Vonnis waarvan beroep

Het vonnis waarvan beroep zal worden vernietigd, omdat het hof tot een andere beslissing komt dan de rechtbank.

Ontvankelijkheid van de verdachte in het hoger beroep

De meervoudige kamer in de rechtbank van Amsterdam heeft de verdachte vrijgesproken van – kort gezegd – de onder ad A en C t/m J en laste gelegde vernielingen van autobanden. Hoewel het hoger beroep blijkens de appelschriftuur enkel gericht was tegen de onder B en K ten laste gelegde vernielingen is het hoger beroep onbeperkt ingesteld. Naar het oordeel van het hof zijn de vernielingen van de autobanden, mede gelet op de inhoud van het procesdossier, impliciet cumulatief ten laste gelegd en richt het hoger beroep zich dus mede tegen de in eerste aanleg gegeven beslissing tot vrijspraak. Gelet op hetgeen is bepaald in artikel 404, vijfde lid, van het Wetboek van Strafvordering, staat voor de verdachte tegen deze beslissing geen hoger beroep open. Het hof zal de verdachte mitsdien niet‑ontvankelijk verklaren in het ingestelde hoger beroep, voor zover dat is gericht tegen de in het vonnis waarvan beroep gegeven vrijspraak voor de onder ad A en C t/m J ten laste gelegde feiten.

Vrijspraak

Ten aanzien van het onder ad B ten laste gelegde
In de aangifte van slachtoffer [slachtoffer 1] wordt als pleegperiode gegeven de periode zaterdag 30 maart 2013 13:00 uur tot zondag 31 maart 2013 10:00 uur. De bevindingen van verbalisant [verbalisant] zijn gedaan op 1 april 2013 omstreeks 00:20 uur. Deze bevindingen zien naar het oordeel van het hof dus niet op de periode die in de aangifte is weergegeven. Derhalve is voor dit ten laste gelegde feit onvoldoende wettig bewijs aanwezig en zal het hof de verdachte van dit feit vrijspreken.

Bewijsoverwegingen

Ten aanzien van het onder ad K ten laste gelegde
Verbalisant [verbalisant] heeft gerelateerd dat hij goed zicht had op de Ruysdaelkade omdat hij gebruik maakte van een lichtsterke verrekijker en de straatverlichting goed licht gaf. Op de Ruysdaelkade zag hij een man lopen die bij de auto van benadeelde partij [slachtoffer 10] een knieval maakte en na deze knieval een duwende beweging maakte ter hoogte van de achterband van deze auto. Op basis van deze observering heeft de verbalisant aan zijn collega’s een signalement doorgegeven en wordt de verdachte gevolgd. De observatie en de aanhouding van de verdachte zijn naadloos in elkaar overgegaan, zodat naar het oordeel van het hof geen sprake kan zijn van een persoonsverwisseling.
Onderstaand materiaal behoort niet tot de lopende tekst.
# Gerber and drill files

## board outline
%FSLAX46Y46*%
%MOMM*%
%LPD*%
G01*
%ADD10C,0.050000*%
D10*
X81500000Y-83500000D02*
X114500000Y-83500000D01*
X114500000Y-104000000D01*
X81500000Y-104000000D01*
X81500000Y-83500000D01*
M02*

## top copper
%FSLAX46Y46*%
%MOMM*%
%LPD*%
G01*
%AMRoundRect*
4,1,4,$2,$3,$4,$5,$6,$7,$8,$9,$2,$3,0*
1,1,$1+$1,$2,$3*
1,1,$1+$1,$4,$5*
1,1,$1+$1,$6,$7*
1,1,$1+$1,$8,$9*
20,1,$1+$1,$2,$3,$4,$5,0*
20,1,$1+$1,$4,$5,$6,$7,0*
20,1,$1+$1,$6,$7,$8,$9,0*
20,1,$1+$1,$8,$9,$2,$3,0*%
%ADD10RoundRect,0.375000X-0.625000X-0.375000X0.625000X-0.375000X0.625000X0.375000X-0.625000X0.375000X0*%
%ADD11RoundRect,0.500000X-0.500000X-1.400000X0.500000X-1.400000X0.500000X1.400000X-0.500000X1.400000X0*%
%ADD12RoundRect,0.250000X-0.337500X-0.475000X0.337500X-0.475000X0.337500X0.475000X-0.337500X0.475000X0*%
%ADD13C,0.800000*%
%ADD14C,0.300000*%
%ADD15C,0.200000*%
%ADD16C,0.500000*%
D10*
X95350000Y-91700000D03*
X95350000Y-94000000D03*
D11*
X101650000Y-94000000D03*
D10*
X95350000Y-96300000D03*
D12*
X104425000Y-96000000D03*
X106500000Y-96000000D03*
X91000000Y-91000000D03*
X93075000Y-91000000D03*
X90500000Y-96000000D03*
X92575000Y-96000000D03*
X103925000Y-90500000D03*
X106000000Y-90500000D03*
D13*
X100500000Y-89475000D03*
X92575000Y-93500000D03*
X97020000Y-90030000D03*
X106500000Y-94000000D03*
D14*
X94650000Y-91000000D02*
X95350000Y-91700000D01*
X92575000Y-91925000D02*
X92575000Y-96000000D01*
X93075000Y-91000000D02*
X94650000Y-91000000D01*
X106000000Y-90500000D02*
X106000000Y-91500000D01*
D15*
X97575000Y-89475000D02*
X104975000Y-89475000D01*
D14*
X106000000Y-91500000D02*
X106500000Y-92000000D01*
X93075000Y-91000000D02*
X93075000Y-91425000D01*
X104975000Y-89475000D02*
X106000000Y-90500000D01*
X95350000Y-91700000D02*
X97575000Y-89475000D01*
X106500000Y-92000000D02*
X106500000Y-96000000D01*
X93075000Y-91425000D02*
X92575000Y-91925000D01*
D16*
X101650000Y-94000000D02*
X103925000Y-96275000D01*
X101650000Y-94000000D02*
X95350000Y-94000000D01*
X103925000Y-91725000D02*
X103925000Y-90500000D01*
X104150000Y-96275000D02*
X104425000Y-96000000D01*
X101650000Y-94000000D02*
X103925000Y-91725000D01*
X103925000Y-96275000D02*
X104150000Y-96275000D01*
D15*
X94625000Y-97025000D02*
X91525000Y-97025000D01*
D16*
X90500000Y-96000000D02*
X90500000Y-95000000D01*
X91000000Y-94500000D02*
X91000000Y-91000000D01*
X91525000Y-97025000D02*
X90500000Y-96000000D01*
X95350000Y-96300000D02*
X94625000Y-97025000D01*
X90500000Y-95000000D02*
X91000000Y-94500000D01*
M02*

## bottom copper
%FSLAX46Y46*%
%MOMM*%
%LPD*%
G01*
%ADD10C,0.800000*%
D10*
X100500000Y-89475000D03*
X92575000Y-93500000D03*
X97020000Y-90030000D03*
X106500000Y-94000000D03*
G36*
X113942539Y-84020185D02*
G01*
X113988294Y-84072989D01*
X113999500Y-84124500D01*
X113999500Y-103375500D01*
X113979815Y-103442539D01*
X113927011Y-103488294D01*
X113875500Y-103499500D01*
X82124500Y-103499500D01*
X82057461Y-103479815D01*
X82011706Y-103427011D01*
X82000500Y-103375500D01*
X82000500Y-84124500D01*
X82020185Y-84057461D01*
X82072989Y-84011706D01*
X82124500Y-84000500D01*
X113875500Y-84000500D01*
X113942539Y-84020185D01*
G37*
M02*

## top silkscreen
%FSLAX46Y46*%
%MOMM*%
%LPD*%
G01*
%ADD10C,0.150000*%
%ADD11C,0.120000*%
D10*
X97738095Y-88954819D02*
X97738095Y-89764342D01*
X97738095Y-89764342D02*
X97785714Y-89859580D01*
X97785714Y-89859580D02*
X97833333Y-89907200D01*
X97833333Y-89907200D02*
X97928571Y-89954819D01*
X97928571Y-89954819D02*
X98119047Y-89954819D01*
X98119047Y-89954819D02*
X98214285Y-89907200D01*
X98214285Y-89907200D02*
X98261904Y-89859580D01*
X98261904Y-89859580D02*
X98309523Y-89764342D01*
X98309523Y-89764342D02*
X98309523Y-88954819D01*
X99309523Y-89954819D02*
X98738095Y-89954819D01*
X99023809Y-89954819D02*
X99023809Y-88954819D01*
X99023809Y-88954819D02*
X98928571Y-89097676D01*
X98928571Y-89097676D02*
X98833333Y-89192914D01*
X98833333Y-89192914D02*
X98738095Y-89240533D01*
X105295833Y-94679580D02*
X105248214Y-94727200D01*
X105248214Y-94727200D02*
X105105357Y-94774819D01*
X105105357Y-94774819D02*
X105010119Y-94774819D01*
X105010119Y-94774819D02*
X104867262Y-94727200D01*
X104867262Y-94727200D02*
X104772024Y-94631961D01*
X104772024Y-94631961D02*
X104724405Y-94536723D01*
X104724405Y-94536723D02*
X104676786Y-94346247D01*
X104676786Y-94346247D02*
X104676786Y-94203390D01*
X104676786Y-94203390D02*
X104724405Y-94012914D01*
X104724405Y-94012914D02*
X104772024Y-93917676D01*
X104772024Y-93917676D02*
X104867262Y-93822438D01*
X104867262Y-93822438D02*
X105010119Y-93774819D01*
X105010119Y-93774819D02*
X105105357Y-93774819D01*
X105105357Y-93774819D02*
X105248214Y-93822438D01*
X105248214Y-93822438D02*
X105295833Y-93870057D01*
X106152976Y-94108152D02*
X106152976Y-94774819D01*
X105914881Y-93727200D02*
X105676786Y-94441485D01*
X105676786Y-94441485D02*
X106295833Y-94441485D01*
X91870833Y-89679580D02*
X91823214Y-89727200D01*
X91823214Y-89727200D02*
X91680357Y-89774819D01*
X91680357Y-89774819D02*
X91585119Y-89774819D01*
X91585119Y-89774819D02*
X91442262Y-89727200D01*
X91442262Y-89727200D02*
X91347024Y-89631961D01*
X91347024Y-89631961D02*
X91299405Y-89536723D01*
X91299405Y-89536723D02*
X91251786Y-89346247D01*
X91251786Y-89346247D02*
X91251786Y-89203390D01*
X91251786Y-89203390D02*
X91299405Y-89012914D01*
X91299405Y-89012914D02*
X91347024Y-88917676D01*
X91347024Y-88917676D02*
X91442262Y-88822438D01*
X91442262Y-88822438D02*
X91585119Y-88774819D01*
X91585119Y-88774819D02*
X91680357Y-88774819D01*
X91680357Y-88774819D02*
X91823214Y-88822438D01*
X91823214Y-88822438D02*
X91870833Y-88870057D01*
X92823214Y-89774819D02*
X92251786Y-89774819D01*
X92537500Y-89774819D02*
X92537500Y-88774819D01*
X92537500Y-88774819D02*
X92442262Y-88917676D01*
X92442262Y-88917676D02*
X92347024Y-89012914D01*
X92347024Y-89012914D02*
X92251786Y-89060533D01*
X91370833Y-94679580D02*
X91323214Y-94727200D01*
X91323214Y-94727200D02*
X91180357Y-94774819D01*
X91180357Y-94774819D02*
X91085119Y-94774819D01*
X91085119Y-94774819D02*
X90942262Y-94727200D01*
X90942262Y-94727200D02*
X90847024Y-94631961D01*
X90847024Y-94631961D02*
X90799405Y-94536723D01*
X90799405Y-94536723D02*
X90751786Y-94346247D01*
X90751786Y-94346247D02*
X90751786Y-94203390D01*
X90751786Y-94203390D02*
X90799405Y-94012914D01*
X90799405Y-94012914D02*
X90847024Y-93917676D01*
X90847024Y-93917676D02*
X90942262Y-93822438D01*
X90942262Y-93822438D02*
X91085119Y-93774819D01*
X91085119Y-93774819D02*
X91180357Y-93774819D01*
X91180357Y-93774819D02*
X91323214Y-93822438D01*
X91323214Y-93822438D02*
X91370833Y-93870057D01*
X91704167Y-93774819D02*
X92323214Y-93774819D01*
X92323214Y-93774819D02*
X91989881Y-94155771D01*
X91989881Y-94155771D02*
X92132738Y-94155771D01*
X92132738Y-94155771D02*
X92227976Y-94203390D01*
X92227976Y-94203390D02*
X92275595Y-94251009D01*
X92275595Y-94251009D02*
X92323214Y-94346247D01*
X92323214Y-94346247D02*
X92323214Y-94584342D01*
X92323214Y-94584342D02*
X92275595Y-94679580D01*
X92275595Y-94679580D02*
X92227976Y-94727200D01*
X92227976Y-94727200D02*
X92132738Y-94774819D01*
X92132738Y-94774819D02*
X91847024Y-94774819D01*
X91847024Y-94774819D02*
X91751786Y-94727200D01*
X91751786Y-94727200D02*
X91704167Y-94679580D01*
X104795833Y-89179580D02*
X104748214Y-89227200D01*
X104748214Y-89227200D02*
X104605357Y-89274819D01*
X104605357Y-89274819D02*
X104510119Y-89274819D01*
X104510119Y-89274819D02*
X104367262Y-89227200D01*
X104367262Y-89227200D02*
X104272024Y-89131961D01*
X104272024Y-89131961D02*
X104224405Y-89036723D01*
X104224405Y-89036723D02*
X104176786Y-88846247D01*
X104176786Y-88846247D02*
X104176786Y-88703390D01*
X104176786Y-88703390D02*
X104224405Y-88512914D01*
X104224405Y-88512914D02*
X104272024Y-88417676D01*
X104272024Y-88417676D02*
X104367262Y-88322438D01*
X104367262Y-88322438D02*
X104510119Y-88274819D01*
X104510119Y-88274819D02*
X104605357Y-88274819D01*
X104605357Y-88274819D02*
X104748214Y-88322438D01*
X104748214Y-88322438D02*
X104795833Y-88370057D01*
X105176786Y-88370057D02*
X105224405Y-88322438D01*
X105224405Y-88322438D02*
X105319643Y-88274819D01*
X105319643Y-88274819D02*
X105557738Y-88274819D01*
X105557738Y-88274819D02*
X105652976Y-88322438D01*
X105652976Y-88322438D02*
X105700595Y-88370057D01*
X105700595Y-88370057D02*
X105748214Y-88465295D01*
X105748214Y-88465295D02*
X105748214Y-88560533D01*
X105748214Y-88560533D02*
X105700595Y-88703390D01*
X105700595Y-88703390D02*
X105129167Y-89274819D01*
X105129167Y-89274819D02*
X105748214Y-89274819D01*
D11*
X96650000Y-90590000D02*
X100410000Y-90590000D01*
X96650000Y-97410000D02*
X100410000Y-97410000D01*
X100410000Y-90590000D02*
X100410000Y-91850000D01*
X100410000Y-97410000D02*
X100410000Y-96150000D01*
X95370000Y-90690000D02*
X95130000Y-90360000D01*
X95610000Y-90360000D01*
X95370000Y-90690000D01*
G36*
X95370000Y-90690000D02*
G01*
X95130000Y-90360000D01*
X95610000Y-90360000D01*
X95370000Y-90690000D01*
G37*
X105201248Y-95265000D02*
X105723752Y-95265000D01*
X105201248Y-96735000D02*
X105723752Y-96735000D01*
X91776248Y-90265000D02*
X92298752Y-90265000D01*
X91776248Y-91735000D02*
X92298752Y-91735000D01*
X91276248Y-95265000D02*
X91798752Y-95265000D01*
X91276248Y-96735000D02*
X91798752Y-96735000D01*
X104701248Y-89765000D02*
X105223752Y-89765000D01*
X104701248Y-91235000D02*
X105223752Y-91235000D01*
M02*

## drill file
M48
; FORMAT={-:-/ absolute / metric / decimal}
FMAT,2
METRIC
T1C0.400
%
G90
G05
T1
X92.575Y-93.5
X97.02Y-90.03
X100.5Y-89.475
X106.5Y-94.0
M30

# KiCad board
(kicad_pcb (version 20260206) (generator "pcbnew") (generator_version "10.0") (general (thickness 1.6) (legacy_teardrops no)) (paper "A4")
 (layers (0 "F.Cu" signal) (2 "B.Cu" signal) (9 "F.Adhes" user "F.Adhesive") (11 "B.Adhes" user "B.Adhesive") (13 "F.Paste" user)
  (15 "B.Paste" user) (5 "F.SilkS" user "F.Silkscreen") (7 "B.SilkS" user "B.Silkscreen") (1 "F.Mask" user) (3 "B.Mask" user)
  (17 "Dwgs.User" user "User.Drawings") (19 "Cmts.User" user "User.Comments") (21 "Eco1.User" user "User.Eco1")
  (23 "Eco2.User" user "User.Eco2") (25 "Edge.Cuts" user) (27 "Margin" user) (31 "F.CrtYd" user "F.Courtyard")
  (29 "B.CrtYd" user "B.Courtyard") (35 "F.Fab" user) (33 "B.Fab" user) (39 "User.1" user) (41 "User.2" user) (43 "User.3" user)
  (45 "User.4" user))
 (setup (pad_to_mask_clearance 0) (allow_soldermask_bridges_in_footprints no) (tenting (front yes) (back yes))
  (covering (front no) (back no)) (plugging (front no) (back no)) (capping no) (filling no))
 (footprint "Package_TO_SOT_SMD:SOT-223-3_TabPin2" (layer "F.Cu") (at 98.5 94)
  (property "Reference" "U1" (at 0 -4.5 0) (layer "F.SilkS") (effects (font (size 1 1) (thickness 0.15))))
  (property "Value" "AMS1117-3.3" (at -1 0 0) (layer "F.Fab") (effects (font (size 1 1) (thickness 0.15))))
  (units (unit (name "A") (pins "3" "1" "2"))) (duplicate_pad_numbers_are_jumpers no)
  (fp_line (start -1.85 -3.41) (end 1.91 -3.41) (stroke (width 0.12) (type solid)) (layer "F.SilkS"))
  (fp_line (start -1.85 3.41) (end 1.91 3.41) (stroke (width 0.12) (type solid)) (layer "F.SilkS"))
  (fp_line (start 1.91 -3.41) (end 1.91 -2.15) (stroke (width 0.12) (type solid)) (layer "F.SilkS"))
  (fp_line (start 1.91 3.41) (end 1.91 2.15) (stroke (width 0.12) (type solid)) (layer "F.SilkS"))
  (fp_poly
   (pts (xy -3.13 -3.31) (xy -3.37 -3.64) (xy -2.89 -3.64) (xy -3.13 -3.31)) (stroke (width 0.12) (type solid)) (fill yes) (layer "F.SilkS"))
  (pad "1" smd roundrect (at -3.15 -2.3) (size 2 1.5) (layers "F.Cu" "F.Mask" "F.Paste") (roundrect_rratio 0.25) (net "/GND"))
  (pad "2" smd roundrect (at -3.15 0) (size 2 1.5) (layers "F.Cu" "F.Mask" "F.Paste") (roundrect_rratio 0.25) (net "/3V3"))
  (pad "2" smd roundrect (at 3.15 0) (size 2 3.8) (layers "F.Cu" "F.Mask" "F.Paste") (roundrect_rratio 0.25) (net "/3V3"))
  (pad "3" smd roundrect (at -3.15 2.3) (size 2 1.5) (layers "F.Cu" "F.Mask" "F.Paste") (roundrect_rratio 0.25) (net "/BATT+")))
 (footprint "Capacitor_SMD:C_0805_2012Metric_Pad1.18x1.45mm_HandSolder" (layer "F.Cu") (at 105.4625 96)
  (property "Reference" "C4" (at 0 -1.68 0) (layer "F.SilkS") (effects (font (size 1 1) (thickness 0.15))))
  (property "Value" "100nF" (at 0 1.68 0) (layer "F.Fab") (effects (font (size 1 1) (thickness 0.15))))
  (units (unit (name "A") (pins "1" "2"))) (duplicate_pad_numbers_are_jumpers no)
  (fp_line (start -0.261252 -0.735) (end 0.261252 -0.735) (stroke (width 0.12) (type solid)) (layer "F.SilkS"))
  (fp_line (start -0.261252 0.735) (end 0.261252 0.735) (stroke (width 0.12) (type solid)) (layer "F.SilkS"))
  (pad "1" smd roundrect (at -1.0375 0) (size 1.175 1.45) (layers "F.Cu" "F.Mask" "F.Paste") (roundrect_rratio 0.212766) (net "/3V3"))
  (pad "2" smd roundrect (at 1.0375 0) (size 1.175 1.45) (layers "F.Cu" "F.Mask" "F.Paste") (roundrect_rratio 0.212766) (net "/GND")))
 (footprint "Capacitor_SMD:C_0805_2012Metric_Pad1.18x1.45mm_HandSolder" (layer "F.Cu") (at 92.0375 91)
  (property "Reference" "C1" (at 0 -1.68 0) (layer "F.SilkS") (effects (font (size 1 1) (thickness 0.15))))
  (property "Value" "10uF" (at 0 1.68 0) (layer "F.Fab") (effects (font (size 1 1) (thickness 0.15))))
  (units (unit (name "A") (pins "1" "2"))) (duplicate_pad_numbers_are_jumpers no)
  (fp_line (start -0.261252 -0.735) (end 0.261252 -0.735) (stroke (width 0.12) (type solid)) (layer "F.SilkS"))
  (fp_line (start -0.261252 0.735) (end 0.261252 0.735) (stroke (width 0.12) (type solid)) (layer "F.SilkS"))
  (pad "1" smd roundrect (at -1.0375 0) (size 1.175 1.45) (layers "F.Cu" "F.Mask" "F.Paste") (roundrect_rratio 0.212766) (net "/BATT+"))
  (pad "2" smd roundrect (at 1.0375 0) (size 1.175 1.45) (layers "F.Cu" "F.Mask" "F.Paste") (roundrect_rratio 0.212766) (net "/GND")))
Bij zijn aanhouding wordt bij de verdachte een schroevendraaier aangetroffen die is geslepen tot een punt en die derhalve geschikt is om banden mee lek te steken. Het feit dat de band niet meteen geheel leeggelopen is, is niet ongebruikelijk gelet op het kleine gaatje dat veroorzaakt is door de schroevendraaier die de verdachte bij zich had. Dat zowel het Nederlands Forensisch Instituut als een vergelijkend sporenonderzoek niet hebben vastgesteld dat deze schroevendraaier het voorwerp is waarmee in de band is geprikt laat overigens onverlet dat daarmee niet vast staat dat de schroevendraaier niet het voorwerp is waarmee het lek is veroorzaakt. Overigens is het leeg lopen van de band tevens geverbaliseerd in een proces-verbaal van bevindingen.

Bewezenverklaring

Het hof acht wettig en overtuigend bewezen dat de verdachte het ten laste gelegde heeft begaan, met dien verstande dat:
hij in de periode van 30 maart 2013 tot en met 4 april 2013, te Amsterdam, opzettelijk en wederrechtelijk een band van een personenauto (merk Lexus, kenteken [kenteken 11]) toebehorende aan [slachtoffer 10] heeft vernield.
Hetgeen meer of anders is ten laste gelegd, is niet bewezen. De verdachte moet hiervan worden vrijgesproken.
Het hof grondt zijn overtuiging dat de verdachte het bewezen verklaarde heeft begaan op de feiten en omstandigheden die in de bewijsmiddelen zijn vervat, zoals deze na het aanwenden van een rechtsmiddel zullen worden opgenomen in de op te maken aanvulling op dit arrest.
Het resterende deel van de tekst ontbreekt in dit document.